Both the formatting and signing functions of Privy’s SDKs require a JSON input with the following fields:
| Field | Type | Description | | | |
|---|
version | 1 | Authorization signature version. Currently, 1 is the only version. | | | |
method | 'POST' | 'PUT' | 'PATCH' | 'DELETE' | HTTP method for the request. Signatures are not required on 'GET' requests. | | | |
url | string | The full URL for the request. Should not include a trailing slash. | | | |
body | JSON | JSON body for the request. | | | |
headers | JSON | JSON object containing any Privy-specific headers, e.g. those that are prefixed with 'privy-'. This should not include any other headers, such as authentication headers, content-type, or trace headers. | | | |
headers['privy-app-id'] | string | Privy app ID header (required). | | | |
headers['privy-idempotency-key'] | string | Privy idempotency key header (optional). If the request does not contain an idempotency key, leave this field out of the payload. | | | |
headers['privy-request-expiry'] | string | Privy request expiry header (optional). If the request does not contain an expiry header, leave this field out of the payload. | | | |
import {
formatRequestForAuthorizationSignature,
type WalletApiRequestSignatureInput
} from '@privy-io/node';
// Replace this with your desired request to the Privy API, including
// url, method, headers, and body.
const input: WalletApiRequestSignatureInput = {
version: 1,
url: 'https://api.privy.io/v1/wallets/<insert-wallet-id>/rpc',
method: 'POST',
headers: {
'privy-app-id': '<insert-app-id>'
},
body: {
method: 'personal_sign',
params: {
message: 'Hello from Privy!',
encoding: 'utf-8'
}
}
};
const serializedPayload = formatRequestForAuthorizationSignature(input);
Signing requests
To directly produce a signature over a request, use the SDK’s generate authorization signature method.

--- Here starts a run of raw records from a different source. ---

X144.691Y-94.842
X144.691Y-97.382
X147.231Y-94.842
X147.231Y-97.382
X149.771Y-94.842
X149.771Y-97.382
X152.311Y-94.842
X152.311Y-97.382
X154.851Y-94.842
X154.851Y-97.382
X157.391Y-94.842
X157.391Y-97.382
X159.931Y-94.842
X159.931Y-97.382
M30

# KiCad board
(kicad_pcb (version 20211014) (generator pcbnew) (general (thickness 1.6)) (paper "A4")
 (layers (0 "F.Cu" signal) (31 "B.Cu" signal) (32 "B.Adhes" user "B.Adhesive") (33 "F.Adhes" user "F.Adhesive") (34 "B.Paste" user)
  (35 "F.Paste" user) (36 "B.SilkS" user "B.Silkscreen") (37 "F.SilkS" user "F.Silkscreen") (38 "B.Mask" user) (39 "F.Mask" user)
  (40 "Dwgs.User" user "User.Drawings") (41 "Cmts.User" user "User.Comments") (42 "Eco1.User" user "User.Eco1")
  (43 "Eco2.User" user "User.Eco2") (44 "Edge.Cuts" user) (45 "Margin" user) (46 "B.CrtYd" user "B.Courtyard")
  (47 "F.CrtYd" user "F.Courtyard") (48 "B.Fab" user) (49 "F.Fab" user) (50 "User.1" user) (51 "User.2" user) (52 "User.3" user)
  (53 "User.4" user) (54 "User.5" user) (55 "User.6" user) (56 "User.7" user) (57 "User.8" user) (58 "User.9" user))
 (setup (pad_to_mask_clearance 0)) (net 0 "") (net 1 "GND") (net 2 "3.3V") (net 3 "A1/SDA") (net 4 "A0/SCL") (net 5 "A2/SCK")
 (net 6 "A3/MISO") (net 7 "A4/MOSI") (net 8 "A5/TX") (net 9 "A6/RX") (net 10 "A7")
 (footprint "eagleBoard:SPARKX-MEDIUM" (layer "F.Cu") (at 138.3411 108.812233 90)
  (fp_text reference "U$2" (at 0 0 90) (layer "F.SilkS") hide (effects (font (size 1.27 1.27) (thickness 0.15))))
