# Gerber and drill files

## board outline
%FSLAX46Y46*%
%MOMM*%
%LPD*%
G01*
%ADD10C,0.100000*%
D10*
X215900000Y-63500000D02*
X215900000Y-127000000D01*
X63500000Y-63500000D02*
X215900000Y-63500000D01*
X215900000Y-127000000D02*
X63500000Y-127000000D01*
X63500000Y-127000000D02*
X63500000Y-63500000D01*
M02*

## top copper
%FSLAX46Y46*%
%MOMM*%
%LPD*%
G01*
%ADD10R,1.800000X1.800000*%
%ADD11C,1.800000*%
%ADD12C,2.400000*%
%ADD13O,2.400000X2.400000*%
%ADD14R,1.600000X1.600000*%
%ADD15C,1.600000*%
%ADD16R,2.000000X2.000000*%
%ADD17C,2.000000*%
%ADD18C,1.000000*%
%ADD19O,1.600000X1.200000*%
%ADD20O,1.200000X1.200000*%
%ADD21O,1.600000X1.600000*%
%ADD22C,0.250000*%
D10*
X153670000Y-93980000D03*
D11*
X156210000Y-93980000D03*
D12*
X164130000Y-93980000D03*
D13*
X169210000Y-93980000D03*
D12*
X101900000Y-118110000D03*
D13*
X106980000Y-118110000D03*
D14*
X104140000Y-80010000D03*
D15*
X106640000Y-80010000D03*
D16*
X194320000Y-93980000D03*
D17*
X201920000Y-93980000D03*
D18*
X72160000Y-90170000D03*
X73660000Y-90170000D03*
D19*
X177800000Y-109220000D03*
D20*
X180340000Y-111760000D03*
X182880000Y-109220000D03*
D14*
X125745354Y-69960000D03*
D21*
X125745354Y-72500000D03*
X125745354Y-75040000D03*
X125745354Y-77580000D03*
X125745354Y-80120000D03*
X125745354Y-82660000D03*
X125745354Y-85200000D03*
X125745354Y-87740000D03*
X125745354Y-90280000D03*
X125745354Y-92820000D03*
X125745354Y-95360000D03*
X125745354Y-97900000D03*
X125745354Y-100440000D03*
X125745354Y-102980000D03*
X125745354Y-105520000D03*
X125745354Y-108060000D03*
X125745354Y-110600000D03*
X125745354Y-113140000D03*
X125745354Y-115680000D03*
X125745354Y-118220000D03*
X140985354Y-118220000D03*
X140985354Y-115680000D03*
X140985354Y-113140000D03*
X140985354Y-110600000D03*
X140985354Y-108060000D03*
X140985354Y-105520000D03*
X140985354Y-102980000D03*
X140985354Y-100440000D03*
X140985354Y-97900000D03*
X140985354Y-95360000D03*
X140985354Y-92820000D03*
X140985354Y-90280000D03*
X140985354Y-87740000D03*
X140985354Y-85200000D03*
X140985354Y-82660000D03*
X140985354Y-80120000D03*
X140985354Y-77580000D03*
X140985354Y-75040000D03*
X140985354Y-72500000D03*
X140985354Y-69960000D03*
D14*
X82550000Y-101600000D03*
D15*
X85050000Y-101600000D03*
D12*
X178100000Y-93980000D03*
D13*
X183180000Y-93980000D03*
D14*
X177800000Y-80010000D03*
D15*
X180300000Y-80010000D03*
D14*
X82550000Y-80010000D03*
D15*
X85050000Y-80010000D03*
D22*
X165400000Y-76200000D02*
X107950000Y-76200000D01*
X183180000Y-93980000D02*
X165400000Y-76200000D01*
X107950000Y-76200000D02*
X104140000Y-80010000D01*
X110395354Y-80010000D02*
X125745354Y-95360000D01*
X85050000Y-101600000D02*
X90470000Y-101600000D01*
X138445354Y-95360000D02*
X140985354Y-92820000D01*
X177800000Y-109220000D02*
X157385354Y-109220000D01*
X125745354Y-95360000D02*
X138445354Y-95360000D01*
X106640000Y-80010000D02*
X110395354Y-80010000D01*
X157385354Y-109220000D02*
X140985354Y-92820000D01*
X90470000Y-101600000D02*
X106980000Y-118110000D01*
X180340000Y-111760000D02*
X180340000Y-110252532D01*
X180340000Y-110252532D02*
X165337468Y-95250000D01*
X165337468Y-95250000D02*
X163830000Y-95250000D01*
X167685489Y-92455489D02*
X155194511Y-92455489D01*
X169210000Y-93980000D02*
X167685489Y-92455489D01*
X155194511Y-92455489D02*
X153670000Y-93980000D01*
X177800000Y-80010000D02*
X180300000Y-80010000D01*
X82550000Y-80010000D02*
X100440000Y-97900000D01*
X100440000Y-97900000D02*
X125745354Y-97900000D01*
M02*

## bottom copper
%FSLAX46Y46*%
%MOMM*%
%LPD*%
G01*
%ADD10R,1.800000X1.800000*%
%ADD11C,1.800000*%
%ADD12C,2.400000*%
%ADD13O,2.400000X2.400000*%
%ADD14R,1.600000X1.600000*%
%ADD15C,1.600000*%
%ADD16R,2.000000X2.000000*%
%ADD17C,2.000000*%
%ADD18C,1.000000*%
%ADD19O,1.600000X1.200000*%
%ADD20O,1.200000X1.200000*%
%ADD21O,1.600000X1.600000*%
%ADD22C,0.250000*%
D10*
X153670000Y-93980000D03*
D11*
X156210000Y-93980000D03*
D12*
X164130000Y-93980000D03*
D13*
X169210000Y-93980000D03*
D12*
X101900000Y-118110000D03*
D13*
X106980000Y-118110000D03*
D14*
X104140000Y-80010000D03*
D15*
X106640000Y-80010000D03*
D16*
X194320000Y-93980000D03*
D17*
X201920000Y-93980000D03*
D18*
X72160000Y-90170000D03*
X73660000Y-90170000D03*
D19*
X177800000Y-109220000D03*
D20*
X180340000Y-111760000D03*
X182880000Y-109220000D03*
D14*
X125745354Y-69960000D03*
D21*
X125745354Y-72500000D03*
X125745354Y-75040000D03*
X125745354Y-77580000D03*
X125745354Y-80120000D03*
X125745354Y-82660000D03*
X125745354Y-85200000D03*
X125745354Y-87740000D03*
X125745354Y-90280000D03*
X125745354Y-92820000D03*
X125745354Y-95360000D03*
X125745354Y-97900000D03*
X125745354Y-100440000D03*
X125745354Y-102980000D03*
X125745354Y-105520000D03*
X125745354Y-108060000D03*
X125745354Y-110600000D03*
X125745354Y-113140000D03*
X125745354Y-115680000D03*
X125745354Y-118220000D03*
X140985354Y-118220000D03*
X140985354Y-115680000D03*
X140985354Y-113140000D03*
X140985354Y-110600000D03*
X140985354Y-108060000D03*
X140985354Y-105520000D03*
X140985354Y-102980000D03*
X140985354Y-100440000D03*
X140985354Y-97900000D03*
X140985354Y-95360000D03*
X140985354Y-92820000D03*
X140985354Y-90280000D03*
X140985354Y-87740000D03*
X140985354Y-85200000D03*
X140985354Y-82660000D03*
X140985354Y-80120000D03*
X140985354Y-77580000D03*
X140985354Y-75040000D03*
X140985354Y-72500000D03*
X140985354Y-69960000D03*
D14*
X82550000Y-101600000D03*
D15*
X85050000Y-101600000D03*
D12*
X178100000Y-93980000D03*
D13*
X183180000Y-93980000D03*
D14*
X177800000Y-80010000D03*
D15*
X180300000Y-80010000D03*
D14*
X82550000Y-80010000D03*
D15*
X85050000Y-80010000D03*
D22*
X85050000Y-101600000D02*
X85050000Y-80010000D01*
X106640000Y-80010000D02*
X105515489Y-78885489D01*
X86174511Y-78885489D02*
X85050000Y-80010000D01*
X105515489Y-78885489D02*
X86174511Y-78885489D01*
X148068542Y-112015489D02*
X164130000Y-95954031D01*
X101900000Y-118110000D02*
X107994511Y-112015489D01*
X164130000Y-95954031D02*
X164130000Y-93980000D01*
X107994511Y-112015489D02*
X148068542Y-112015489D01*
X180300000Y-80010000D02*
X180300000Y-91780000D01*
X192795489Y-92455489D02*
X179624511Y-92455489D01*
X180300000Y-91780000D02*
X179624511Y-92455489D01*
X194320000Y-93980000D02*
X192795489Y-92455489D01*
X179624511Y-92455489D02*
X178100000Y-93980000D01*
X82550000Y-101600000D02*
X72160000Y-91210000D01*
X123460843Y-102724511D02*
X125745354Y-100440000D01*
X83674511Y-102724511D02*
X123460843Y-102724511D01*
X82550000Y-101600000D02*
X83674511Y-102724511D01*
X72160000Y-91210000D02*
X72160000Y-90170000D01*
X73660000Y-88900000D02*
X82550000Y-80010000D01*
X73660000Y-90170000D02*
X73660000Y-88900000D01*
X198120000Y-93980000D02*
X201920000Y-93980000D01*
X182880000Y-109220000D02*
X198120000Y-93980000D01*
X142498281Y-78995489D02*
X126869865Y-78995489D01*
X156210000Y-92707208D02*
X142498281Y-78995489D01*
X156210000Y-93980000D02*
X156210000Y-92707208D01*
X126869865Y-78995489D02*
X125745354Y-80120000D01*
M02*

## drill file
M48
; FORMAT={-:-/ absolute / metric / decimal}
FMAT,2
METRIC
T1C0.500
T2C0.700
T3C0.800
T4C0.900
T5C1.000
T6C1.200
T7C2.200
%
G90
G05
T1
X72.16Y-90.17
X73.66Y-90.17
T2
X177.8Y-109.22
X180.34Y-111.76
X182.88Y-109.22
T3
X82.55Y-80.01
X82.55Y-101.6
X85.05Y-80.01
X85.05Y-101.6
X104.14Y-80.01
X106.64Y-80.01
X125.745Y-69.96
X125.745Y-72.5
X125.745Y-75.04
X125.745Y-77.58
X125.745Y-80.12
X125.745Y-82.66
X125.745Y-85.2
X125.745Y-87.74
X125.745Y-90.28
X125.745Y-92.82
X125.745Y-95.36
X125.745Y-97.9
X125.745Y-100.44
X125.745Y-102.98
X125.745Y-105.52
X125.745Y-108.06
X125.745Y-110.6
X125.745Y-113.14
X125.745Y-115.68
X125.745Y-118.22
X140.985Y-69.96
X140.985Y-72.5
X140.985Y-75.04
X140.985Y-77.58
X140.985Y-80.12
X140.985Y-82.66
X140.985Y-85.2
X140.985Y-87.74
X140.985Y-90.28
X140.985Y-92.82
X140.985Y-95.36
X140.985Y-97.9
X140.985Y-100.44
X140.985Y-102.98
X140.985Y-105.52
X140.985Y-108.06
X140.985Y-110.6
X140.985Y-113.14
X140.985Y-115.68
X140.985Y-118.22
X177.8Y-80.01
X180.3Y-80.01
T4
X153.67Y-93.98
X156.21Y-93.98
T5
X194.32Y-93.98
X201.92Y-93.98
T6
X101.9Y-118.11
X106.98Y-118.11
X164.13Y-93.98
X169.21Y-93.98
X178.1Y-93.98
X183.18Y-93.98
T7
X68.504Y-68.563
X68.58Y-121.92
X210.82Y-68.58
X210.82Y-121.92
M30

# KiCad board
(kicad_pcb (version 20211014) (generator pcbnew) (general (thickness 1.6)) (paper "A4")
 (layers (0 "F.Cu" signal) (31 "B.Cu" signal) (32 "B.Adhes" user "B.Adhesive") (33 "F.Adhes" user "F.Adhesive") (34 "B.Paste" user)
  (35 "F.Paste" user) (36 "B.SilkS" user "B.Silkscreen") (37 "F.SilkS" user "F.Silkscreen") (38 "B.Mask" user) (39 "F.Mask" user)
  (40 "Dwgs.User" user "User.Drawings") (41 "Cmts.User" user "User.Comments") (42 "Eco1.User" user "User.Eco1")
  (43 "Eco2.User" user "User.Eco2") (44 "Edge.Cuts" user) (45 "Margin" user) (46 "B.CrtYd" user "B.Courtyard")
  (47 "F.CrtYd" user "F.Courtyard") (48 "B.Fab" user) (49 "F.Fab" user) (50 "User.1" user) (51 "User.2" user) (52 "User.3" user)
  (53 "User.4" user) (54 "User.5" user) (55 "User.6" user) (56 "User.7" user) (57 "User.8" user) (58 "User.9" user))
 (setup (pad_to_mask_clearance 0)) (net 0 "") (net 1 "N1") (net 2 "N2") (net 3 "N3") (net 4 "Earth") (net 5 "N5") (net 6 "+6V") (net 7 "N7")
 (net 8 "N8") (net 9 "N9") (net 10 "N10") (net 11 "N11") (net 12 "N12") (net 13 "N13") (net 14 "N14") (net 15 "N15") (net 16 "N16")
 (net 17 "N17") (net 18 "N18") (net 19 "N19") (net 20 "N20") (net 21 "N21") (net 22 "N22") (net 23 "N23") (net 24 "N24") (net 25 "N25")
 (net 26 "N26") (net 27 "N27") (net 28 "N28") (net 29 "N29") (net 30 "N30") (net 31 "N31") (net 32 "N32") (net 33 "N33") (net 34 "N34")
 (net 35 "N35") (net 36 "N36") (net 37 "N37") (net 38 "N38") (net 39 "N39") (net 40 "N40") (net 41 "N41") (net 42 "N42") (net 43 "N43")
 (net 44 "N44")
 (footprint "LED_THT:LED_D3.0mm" (layer "F.Cu") (at 153.67 93.98)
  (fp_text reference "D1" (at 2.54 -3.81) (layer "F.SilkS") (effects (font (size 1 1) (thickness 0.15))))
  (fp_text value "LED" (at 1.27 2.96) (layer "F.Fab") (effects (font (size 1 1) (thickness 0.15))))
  (pad "1" thru_hole rect (at 0 0) (size 1.8 1.8) (drill 0.9) (layers *.Cu *.Mask) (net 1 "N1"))
  (pad "2" thru_hole circle (at 2.54 0) (size 1.8 1.8) (drill 0.9) (layers *.Cu *.Mask) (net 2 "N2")))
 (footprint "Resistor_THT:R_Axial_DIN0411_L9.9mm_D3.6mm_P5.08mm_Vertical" (layer "F.Cu") (at 164.13 93.98)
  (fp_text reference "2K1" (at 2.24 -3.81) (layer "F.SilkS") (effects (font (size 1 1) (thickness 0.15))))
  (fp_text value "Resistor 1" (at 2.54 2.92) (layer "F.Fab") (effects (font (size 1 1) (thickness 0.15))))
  (pad "1" thru_hole circle (at 0 0) (size 2.4 2.4) (drill 1.2) (layers *.Cu *.Mask) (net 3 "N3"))
  (pad "2" thru_hole oval (at 5.08 0) (size 2.4 2.4) (drill 1.2) (layers *.Cu *.Mask) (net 1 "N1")))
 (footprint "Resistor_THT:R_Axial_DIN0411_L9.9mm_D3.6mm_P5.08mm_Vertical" (layer "F.Cu") (at 101.9 118.11)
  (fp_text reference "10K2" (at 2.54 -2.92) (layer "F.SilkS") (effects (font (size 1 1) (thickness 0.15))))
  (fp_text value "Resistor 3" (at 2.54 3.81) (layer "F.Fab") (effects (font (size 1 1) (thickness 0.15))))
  (pad "1" thru_hole circle (at 0 0) (size 2.4 2.4) (drill 1.2) (layers *.Cu *.Mask) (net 3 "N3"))
  (pad "2" thru_hole oval (at 5.08 0) (size 2.4 2.4) (drill 1.2) (layers *.Cu *.Mask) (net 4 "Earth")))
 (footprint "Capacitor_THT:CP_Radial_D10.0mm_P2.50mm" (layer "F.Cu") (at 104.14 80.01)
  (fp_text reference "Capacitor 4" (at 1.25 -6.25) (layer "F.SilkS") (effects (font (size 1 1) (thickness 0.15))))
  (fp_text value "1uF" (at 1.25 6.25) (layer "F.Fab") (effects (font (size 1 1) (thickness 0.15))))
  (pad "1" thru_hole rect (at 0 0) (size 1.6 1.6) (drill 0.8) (layers *.Cu *.Mask) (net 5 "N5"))
  (pad "2" thru_hole circle (at 2.5 0) (size 1.6 1.6) (drill 0.8) (layers *.Cu *.Mask) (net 4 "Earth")))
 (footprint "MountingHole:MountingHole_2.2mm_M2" (layer "F.Cu") (at 210.82 121.92)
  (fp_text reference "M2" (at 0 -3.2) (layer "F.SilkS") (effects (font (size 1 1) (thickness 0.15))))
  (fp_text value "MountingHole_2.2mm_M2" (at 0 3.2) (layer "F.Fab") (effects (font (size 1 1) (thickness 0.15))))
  (pad "" np_thru_hole circle (at 0 0) (size 2.2 2.2) (drill 2.2) (layers *.Cu *.Mask)))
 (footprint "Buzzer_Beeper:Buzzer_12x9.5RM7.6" (layer "F.Cu") (at 194.32 93.98)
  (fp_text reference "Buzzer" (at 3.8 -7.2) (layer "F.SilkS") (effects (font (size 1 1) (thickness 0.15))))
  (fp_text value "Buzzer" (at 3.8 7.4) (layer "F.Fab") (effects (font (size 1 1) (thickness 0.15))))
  (pad "1" thru_hole rect (at 0 0) (size 2 2) (drill 1) (layers *.Cu *.Mask) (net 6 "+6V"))
  (pad "2" thru_hole circle (at 7.6 0) (size 2 2) (drill 1) (layers *.Cu *.Mask) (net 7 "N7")))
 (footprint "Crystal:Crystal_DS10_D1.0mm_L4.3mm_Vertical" (layer "F.Cu") (at 72.16 90.17)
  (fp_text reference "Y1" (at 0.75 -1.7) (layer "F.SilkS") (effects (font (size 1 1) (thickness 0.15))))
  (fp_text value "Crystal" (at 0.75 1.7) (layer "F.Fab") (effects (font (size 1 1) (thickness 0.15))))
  (pad "1" thru_hole circle (at 0 0) (size 1 1) (drill 0.5) (layers *.Cu *.Mask) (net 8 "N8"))
  (pad "2" thru_hole circle (at 1.5 0) (size 1 1) (drill 0.5) (layers *.Cu *.Mask) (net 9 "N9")))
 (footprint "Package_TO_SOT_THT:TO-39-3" (layer "F.Cu") (at 177.8 109.22)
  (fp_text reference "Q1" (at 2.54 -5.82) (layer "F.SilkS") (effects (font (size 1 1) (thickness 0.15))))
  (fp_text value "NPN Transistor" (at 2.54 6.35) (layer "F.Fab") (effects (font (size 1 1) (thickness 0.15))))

As a parameter to this method, pass the JSON object as defined above.
import {generateAuthorizationSignature, type WalletApiRequestSignatureInput} from '@privy-io/node';
// Replace this with your desired request to the Privy API, including
// url, method, headers, and body.
const input: WalletApiRequestSignatureInput = {
version: 1,
url: 'https://api.privy.io/v1/wallets/<insert-wallet-id>/rpc',
method: 'POST',
headers: {
'privy-app-id': '<insert-app-id>'
},
body: {
method: 'personal_sign',
params: {
message: 'Hello from Privy!',
encoding: 'utf-8'
}
}
};
// Pass your base64 encoded authorization private key as `authorizationPrivateKey`
const signature = generateAuthorizationSignature({
input,
authorizationPrivateKey: 'insert-private-key'
});
privy-authorization-signature header when making the request to the Privy API.